* [ACTIVITY]
Where a line in the listing below contains the word "Liquid", copy that line.

BEGIN DATA LISTING

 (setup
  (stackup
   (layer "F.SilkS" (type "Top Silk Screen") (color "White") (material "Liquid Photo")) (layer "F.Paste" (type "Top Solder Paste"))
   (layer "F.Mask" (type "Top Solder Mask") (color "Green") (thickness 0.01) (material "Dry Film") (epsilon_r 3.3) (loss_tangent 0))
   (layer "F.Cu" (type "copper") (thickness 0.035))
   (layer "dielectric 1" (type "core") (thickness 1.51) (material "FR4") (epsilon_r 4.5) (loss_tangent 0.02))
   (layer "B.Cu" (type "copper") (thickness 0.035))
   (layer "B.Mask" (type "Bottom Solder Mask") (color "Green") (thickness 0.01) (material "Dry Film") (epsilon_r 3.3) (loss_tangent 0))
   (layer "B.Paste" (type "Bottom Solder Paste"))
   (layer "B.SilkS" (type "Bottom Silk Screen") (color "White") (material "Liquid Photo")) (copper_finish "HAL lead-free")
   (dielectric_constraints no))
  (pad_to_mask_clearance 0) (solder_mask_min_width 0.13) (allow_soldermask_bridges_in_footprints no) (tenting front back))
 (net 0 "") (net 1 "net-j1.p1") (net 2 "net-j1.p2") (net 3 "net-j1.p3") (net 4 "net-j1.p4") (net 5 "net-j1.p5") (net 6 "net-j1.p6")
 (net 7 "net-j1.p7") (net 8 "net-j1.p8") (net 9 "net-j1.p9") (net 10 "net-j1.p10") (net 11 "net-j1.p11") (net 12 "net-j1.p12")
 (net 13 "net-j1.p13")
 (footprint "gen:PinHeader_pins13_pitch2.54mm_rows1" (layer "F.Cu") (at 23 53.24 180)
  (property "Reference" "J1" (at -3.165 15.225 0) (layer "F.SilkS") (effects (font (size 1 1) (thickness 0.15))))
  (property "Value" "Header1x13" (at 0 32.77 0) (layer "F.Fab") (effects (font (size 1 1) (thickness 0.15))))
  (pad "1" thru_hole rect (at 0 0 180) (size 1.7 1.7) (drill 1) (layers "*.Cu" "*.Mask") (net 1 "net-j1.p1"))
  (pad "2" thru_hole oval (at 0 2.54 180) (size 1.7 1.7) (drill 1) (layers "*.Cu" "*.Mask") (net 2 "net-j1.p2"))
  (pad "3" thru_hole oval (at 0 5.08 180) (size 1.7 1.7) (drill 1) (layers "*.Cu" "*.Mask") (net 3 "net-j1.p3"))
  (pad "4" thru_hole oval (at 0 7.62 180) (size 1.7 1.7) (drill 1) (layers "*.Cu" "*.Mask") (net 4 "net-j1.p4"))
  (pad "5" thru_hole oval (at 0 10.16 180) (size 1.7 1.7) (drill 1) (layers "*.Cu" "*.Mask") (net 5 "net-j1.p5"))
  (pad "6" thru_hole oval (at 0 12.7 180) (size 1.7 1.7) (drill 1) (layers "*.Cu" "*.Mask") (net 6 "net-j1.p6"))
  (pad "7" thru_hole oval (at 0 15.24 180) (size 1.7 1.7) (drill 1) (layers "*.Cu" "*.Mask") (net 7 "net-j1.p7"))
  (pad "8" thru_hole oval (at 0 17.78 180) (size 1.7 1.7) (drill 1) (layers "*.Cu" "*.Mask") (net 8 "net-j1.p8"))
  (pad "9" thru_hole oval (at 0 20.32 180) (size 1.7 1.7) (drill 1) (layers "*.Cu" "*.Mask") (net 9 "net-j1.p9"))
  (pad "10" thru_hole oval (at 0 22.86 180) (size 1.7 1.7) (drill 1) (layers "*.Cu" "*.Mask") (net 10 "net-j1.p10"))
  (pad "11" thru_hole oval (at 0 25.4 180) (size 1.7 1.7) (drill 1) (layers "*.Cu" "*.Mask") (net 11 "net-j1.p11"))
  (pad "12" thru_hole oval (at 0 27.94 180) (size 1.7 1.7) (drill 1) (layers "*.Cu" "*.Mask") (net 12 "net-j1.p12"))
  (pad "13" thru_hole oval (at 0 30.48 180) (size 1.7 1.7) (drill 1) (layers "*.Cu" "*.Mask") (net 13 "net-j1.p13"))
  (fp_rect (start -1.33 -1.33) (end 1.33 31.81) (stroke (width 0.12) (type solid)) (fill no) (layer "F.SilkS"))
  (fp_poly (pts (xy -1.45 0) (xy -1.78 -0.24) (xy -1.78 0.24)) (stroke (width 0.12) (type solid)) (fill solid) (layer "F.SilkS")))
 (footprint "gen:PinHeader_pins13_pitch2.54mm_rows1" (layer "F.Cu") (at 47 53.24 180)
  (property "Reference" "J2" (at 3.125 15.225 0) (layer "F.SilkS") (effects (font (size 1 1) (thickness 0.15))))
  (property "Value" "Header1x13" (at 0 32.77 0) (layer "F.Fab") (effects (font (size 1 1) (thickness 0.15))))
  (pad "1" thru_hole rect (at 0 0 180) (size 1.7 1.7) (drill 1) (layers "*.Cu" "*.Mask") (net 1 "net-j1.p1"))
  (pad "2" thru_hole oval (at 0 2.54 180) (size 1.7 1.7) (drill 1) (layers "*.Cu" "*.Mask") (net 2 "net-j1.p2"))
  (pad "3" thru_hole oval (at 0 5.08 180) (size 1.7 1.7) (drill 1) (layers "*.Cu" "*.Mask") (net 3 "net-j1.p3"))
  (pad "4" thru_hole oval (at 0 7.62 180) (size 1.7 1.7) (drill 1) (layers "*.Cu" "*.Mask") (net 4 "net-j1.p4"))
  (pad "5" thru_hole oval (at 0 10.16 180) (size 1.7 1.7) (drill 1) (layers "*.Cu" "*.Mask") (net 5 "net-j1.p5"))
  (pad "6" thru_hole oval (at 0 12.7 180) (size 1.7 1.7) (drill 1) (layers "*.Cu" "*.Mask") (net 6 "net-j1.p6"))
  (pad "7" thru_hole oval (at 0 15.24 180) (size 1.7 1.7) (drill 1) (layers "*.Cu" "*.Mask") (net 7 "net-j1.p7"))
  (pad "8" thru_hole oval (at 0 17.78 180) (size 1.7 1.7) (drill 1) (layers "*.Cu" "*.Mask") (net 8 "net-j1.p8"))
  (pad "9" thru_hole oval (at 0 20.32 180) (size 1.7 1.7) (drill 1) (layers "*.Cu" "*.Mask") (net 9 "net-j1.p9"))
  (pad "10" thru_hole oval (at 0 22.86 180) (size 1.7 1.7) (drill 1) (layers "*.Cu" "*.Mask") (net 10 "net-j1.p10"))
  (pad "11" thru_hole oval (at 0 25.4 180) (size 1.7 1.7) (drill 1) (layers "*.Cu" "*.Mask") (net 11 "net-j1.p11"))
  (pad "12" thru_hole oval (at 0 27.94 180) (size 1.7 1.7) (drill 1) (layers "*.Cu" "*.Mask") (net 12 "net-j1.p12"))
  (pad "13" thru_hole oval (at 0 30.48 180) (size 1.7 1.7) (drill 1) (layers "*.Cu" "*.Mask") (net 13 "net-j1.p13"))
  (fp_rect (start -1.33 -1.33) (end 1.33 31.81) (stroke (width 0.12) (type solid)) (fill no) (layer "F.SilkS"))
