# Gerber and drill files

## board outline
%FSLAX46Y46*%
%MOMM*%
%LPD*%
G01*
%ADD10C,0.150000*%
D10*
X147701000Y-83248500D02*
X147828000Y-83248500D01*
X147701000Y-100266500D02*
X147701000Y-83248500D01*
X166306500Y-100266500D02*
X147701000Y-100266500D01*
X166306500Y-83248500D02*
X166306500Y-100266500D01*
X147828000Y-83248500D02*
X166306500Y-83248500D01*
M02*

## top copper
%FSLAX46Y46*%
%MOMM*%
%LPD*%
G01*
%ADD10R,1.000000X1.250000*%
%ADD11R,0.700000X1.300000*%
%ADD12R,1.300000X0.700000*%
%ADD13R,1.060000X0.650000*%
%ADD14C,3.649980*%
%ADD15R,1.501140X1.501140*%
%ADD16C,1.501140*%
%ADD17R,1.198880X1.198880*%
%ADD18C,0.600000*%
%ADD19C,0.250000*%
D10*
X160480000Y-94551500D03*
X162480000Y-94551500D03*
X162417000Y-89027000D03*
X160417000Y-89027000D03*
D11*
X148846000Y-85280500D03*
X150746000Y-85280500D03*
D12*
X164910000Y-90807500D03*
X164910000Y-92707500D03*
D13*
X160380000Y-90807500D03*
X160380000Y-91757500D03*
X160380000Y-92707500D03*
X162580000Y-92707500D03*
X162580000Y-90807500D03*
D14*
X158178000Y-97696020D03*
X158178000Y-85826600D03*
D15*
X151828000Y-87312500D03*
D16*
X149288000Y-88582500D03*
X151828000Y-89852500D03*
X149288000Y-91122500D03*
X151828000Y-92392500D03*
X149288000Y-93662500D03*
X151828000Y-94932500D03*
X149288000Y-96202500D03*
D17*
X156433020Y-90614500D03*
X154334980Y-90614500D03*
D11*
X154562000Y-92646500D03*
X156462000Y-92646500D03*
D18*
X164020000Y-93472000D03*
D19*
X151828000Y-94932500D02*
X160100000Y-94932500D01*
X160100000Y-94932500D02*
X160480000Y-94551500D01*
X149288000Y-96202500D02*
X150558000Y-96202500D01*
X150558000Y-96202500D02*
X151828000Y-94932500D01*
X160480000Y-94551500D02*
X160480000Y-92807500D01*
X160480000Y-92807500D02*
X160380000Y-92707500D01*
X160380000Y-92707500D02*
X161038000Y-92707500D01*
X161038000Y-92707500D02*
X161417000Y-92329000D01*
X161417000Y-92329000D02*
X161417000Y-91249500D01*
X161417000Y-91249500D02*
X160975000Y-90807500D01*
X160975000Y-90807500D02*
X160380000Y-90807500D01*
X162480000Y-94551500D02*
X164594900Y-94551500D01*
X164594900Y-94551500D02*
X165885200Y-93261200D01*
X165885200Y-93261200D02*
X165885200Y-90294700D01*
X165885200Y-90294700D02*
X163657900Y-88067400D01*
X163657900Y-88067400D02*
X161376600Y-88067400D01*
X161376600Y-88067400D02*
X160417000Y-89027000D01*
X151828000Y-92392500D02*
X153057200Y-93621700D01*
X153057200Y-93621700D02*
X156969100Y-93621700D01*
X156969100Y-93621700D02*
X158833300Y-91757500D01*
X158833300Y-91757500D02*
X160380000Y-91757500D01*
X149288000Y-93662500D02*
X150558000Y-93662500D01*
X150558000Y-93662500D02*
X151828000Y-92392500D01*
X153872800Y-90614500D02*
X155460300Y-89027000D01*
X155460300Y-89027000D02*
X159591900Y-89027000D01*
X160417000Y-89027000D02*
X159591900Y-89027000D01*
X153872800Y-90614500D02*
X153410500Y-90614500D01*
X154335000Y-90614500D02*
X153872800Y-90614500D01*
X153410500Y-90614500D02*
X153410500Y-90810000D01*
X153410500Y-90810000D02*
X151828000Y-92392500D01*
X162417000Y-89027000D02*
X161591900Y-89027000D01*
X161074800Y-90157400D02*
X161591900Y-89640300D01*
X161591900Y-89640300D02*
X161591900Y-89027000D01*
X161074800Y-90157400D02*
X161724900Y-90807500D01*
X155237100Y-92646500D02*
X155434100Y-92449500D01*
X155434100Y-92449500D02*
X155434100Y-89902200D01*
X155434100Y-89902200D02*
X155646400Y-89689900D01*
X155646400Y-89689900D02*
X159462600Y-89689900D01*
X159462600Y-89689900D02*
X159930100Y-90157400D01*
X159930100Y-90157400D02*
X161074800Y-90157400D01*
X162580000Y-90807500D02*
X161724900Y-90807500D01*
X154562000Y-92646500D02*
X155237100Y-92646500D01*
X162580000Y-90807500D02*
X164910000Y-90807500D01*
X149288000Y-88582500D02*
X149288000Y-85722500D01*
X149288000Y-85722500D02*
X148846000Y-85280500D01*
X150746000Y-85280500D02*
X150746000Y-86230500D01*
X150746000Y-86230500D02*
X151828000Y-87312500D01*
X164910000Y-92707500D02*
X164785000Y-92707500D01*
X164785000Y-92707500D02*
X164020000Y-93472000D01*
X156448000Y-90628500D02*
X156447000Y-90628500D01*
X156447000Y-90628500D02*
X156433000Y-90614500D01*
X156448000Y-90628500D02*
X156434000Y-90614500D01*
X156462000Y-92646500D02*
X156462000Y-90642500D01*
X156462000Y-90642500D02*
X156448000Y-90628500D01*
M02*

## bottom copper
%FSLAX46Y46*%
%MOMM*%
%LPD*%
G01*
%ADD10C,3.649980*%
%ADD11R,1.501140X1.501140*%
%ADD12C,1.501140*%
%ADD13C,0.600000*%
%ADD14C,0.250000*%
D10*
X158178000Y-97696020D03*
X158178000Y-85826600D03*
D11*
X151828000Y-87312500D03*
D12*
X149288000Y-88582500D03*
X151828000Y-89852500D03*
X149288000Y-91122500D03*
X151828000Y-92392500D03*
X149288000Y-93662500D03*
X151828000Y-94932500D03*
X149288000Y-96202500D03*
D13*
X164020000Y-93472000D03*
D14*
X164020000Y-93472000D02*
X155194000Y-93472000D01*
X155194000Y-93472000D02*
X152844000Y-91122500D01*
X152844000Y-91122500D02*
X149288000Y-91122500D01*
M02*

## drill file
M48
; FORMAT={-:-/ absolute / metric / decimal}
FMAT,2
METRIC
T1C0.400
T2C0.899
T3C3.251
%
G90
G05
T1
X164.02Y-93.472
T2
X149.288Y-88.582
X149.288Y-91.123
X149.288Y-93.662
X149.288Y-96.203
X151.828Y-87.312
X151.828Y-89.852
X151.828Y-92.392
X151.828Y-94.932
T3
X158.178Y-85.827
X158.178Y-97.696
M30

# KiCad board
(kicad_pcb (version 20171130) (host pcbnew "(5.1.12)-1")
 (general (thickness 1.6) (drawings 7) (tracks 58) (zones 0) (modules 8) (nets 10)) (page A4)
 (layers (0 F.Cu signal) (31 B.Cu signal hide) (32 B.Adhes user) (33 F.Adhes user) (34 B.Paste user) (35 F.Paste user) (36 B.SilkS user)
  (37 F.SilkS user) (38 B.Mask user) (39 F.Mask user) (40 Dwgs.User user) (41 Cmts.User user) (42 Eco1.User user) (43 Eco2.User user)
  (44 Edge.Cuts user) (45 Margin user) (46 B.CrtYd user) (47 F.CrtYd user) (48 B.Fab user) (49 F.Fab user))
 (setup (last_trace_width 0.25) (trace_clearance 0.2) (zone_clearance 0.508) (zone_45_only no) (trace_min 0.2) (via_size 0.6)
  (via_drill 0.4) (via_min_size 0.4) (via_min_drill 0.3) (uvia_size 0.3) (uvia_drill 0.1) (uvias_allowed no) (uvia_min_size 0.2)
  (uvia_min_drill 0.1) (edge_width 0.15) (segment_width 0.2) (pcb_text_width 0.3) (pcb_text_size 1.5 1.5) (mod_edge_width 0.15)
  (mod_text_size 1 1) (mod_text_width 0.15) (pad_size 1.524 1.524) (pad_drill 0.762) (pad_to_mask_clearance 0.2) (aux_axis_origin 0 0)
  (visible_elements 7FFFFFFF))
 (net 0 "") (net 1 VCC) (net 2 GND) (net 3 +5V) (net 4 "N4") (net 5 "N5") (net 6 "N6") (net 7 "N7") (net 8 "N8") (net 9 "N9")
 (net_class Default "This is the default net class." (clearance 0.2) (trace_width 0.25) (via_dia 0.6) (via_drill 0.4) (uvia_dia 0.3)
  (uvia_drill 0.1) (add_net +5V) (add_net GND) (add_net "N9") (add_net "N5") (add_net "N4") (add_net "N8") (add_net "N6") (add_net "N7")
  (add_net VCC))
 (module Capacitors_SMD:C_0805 (layer F.Cu) (at 161.48 94.5515)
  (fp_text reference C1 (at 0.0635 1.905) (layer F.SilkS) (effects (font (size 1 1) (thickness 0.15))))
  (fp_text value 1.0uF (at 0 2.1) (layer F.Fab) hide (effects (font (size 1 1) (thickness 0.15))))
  (pad 1 smd rect (at -1 0) (size 1 1.25) (layers F.Cu F.Paste F.Mask) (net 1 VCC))
  (pad 2 smd rect (at 1 0) (size 1 1.25) (layers F.Cu F.Paste F.Mask) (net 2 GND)))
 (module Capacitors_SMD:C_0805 (layer F.Cu) (at 161.417 89.027 180)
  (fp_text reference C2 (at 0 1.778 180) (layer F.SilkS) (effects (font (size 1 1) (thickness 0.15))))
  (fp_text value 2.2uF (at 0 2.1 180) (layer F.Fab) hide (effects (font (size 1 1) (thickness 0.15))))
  (pad 1 smd rect (at -1 0 180) (size 1 1.25) (layers F.Cu F.Paste F.Mask) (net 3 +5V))
  (pad 2 smd rect (at 1 0 180) (size 1 1.25) (layers F.Cu F.Paste F.Mask) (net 2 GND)))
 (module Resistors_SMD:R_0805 (layer F.Cu) (at 149.796 85.2805)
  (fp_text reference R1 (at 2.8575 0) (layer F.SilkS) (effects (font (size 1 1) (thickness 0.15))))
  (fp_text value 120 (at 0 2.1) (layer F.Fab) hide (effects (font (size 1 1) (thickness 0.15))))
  (pad 1 smd rect (at -0.95 0) (size 0.7 1.3) (layers F.Cu F.Paste F.Mask) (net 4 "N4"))
  (pad 2 smd rect (at 0.95 0) (size 0.7 1.3) (layers F.Cu F.Paste F.Mask) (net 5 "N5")))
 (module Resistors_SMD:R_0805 (layer F.Cu) (at 164.91 91.7575 270)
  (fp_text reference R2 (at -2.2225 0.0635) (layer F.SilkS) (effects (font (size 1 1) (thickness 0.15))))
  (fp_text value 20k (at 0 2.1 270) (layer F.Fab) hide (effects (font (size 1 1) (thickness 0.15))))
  (pad 1 smd rect (at -0.95 0 270) (size 0.7 1.3) (layers F.Cu F.Paste F.Mask) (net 3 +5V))
  (pad 2 smd rect (at 0.95 0 270) (size 0.7 1.3) (layers F.Cu F.Paste F.Mask) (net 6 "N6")))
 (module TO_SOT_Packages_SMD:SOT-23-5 (layer F.Cu) (at 161.48 91.7575)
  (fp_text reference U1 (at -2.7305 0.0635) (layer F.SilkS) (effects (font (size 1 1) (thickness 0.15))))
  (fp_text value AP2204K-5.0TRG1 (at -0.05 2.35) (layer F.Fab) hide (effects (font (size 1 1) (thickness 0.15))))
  (pad 1 smd rect (at -1.1 -0.95) (size 1.06 0.65) (layers F.Cu F.Paste F.Mask) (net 1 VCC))
  (pad 2 smd rect (at -1.1 0) (size 1.06 0.65) (layers F.Cu F.Paste F.Mask) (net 2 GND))
  (pad 3 smd rect (at -1.1 0.95) (size 1.06 0.65) (layers F.Cu F.Paste F.Mask) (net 1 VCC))
  (pad 4 smd rect (at 1.1 0.95) (size 1.06 0.65) (layers F.Cu F.Paste F.Mask) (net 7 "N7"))
  (pad 5 smd rect (at 1.1 -0.95) (size 1.06 0.65) (layers F.Cu F.Paste F.Mask) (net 3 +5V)))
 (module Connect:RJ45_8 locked (layer B.Cu) (at 158.178 91.7575 270)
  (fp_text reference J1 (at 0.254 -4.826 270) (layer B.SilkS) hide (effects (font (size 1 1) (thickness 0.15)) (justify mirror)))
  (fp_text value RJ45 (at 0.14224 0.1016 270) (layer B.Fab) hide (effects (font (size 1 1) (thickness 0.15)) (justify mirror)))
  (pad Hole np_thru_hole circle (at 5.93852 0 270) (size 3.64998 3.64998) (drill 3.2512) (layers *.Cu *.SilkS *.Mask))
  (pad Hole np_thru_hole circle (at -5.9309 0 270) (size 3.64998 3.64998) (drill 3.2512) (layers *.Cu *.SilkS *.Mask))
  (pad 1 thru_hole rect (at -4.445 6.35 270) (size 1.50114 1.50114) (drill 0.89916) (layers *.Cu *.Mask B.SilkS) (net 5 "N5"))
  (pad 2 thru_hole circle (at -3.175 8.89 270) (size 1.50114 1.50114) (drill 0.89916) (layers *.Cu *.Mask B.SilkS) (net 4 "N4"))
  (pad 3 thru_hole circle (at -1.905 6.35 270) (size 1.50114 1.50114) (drill 0.89916) (layers *.Cu *.Mask B.SilkS) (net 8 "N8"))
  (pad 4 thru_hole circle (at -0.635 8.89 270) (size 1.50114 1.50114) (drill 0.89916) (layers *.Cu *.Mask B.SilkS) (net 6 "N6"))
  (pad 5 thru_hole circle (at 0.635 6.35 270) (size 1.50114 1.50114) (drill 0.89916) (layers *.Cu *.Mask B.SilkS) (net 2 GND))
  (pad 6 thru_hole circle (at 1.905 8.89 270) (size 1.50114 1.50114) (drill 0.89916) (layers *.Cu *.Mask B.SilkS) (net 2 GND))
  (pad 7 thru_hole circle (at 3.175 6.35 270) (size 1.50114 1.50114) (drill 0.89916) (layers *.Cu *.Mask B.SilkS) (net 1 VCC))
  (pad 8 thru_hole circle (at 4.445 8.89 270) (size 1.50114 1.50114) (drill 0.89916) (layers *.Cu *.Mask B.SilkS) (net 1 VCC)))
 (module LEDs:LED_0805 (layer F.Cu) (at 155.384 90.6145)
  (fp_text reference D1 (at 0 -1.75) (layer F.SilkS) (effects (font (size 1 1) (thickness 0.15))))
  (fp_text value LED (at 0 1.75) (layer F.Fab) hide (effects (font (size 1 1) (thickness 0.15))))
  (pad 2 smd rect (at 1.04902 0 180) (size 1.19888 1.19888) (layers F.Cu F.Paste F.Mask) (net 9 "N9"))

END DATA LISTING

* [ANSWER SECTION]
   (layer "F.SilkS" (type "Top Silk Screen") (color "White") (material "Liquid Photo")) (layer "F.Paste" (type "Top Solder Paste"))
   (layer "B.SilkS" (type "Bottom Silk Screen") (color "White") (material "Liquid Photo")) (copper_finish "HAL lead-free")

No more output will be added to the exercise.